→ **Excerpted data**:
────────────────────

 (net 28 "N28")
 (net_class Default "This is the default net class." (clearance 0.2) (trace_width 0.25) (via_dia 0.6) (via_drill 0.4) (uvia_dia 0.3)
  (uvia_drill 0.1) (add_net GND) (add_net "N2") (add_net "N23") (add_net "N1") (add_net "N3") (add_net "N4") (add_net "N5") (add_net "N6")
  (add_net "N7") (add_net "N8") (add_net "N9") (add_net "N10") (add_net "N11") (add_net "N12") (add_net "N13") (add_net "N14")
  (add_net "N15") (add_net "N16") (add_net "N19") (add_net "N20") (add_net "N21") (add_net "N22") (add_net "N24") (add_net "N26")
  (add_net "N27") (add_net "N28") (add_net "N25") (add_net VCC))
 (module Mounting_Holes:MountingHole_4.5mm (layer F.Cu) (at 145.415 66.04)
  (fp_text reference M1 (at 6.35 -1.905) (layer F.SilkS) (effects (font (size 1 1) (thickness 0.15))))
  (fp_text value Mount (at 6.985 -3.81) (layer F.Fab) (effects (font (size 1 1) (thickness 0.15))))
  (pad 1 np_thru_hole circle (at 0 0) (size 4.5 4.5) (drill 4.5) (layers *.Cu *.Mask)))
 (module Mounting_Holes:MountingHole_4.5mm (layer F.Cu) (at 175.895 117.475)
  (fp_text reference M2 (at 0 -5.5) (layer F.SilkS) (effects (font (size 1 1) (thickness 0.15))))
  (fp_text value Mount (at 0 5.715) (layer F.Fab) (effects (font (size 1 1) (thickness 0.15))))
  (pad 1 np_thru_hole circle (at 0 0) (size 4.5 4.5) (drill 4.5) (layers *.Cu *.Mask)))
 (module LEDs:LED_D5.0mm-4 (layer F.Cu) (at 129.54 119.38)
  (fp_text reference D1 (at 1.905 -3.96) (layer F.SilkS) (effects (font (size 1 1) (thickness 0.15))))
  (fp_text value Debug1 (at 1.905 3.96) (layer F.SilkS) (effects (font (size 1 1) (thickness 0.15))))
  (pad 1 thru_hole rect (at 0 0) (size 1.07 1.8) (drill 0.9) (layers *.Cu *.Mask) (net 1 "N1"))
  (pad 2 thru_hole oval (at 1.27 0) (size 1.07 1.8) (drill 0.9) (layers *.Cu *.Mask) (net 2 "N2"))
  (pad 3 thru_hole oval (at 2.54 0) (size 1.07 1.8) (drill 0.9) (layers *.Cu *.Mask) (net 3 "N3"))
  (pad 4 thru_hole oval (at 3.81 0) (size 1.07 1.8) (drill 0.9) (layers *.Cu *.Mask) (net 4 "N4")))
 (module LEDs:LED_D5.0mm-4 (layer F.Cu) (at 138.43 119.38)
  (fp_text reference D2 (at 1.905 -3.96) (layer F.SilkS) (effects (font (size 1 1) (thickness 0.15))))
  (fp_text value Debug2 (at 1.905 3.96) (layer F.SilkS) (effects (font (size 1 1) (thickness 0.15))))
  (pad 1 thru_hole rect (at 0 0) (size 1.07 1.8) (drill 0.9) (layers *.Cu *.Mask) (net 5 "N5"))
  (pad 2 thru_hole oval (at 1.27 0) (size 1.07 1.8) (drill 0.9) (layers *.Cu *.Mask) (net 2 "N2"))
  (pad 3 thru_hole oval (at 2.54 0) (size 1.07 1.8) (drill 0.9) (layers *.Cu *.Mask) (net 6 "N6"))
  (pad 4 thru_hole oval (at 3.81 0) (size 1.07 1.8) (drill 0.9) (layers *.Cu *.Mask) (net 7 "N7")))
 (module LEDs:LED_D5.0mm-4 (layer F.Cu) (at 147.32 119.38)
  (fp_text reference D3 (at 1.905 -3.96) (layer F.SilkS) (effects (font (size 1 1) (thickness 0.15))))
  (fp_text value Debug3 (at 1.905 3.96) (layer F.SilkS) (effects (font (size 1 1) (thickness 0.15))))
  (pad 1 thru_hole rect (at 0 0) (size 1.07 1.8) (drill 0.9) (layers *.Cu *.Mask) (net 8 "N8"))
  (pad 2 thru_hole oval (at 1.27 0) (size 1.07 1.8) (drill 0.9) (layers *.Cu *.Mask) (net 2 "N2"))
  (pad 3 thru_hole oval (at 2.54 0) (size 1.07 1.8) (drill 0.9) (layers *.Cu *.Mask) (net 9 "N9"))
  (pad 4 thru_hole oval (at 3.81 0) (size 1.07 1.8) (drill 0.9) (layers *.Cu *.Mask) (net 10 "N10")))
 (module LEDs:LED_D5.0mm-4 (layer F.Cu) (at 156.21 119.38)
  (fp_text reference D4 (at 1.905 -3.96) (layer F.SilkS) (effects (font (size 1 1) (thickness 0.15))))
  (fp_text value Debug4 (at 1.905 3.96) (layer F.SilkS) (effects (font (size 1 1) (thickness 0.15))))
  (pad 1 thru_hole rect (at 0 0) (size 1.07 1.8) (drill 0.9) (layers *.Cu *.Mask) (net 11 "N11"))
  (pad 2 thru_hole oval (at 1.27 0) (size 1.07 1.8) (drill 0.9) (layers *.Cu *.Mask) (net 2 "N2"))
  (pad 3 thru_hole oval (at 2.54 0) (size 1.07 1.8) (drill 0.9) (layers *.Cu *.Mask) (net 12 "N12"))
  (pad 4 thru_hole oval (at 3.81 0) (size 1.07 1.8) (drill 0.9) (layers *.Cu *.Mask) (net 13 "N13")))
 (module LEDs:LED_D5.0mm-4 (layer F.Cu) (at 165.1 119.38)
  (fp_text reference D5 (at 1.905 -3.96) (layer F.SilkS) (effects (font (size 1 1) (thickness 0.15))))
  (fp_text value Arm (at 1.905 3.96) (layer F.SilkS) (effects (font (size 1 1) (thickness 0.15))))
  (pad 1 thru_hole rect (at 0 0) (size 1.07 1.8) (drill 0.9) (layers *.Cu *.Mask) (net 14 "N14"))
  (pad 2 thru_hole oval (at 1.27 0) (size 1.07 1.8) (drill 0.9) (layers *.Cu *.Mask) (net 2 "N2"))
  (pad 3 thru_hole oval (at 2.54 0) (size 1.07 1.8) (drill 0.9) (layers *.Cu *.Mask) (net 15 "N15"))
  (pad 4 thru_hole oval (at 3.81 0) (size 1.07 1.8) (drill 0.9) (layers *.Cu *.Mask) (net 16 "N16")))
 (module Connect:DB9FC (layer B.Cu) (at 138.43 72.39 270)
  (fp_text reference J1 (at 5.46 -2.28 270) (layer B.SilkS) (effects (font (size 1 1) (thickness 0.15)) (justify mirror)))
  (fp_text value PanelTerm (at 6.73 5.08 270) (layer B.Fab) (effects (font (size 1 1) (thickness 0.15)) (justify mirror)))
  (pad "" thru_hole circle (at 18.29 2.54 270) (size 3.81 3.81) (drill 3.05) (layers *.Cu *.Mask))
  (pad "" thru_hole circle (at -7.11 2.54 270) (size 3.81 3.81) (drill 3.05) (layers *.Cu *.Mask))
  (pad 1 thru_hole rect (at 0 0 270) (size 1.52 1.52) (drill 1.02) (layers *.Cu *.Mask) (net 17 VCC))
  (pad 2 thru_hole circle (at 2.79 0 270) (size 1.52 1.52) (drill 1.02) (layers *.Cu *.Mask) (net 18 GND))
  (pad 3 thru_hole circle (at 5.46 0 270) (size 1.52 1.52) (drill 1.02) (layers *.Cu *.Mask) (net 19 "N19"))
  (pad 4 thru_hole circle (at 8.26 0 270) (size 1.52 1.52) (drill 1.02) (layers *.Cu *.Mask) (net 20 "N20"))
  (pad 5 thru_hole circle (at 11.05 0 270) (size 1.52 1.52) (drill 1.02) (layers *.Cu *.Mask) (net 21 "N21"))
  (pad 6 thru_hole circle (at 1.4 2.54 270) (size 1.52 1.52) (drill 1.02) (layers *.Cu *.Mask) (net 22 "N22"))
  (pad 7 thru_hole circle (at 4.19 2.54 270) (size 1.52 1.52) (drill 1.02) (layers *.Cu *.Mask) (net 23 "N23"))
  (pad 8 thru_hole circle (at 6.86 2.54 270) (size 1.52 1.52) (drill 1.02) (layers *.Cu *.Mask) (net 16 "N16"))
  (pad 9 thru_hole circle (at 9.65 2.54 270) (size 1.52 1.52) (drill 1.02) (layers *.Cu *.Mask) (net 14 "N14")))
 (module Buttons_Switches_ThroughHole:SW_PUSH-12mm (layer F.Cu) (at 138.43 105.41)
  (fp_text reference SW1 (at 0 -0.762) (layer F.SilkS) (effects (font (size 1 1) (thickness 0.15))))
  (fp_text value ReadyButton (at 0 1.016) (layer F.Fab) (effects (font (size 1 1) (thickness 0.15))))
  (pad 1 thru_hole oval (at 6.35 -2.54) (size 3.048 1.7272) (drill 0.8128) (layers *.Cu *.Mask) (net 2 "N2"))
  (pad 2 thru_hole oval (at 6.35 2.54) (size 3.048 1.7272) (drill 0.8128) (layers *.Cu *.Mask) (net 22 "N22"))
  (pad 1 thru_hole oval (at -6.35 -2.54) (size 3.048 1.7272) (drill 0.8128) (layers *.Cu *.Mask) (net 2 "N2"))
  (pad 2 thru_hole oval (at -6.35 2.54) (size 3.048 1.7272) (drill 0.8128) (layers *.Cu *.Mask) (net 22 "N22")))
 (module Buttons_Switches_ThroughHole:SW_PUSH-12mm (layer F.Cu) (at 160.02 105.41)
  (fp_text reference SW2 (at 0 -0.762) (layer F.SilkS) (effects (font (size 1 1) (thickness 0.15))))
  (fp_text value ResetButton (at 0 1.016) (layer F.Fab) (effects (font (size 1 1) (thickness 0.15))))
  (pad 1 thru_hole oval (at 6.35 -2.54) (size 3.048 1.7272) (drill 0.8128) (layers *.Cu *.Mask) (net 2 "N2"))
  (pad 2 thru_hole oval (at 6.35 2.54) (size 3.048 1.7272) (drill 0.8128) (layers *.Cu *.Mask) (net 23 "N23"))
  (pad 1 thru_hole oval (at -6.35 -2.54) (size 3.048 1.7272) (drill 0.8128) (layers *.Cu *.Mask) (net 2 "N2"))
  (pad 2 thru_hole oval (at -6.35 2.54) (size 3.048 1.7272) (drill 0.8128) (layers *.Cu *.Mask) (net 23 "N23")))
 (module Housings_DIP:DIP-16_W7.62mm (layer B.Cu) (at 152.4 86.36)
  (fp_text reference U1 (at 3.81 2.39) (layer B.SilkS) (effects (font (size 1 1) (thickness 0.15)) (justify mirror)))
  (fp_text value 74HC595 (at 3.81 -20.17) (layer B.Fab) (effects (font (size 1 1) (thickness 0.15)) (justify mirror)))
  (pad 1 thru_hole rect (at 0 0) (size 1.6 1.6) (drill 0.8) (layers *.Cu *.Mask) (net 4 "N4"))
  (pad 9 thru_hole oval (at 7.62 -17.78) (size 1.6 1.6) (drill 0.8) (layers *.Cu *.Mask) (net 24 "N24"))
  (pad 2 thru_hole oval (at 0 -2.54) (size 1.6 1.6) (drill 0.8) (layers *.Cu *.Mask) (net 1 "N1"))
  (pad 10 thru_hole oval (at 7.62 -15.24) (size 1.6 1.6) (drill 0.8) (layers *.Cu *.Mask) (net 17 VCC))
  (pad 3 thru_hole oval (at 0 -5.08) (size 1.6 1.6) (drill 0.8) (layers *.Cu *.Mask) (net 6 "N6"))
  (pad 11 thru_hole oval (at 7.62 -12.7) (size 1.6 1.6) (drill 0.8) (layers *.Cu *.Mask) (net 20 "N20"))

────────────────────

→ **Prompt**:
Scan the material above for the string "LEDs". Return each line where it occurs.

→ **Reply**:
 (module LEDs:LED_D5.0mm-4 (layer F.Cu) (at 129.54 119.38)
 (module LEDs:LED_D5.0mm-4 (layer F.Cu) (at 138.43 119.38)
 (module LEDs:LED_D5.0mm-4 (layer F.Cu) (at 147.32 119.38)
 (module LEDs:LED_D5.0mm-4 (layer F.Cu) (at 156.21 119.38)
 (module LEDs:LED_D5.0mm-4 (layer F.Cu) (at 165.1 119.38)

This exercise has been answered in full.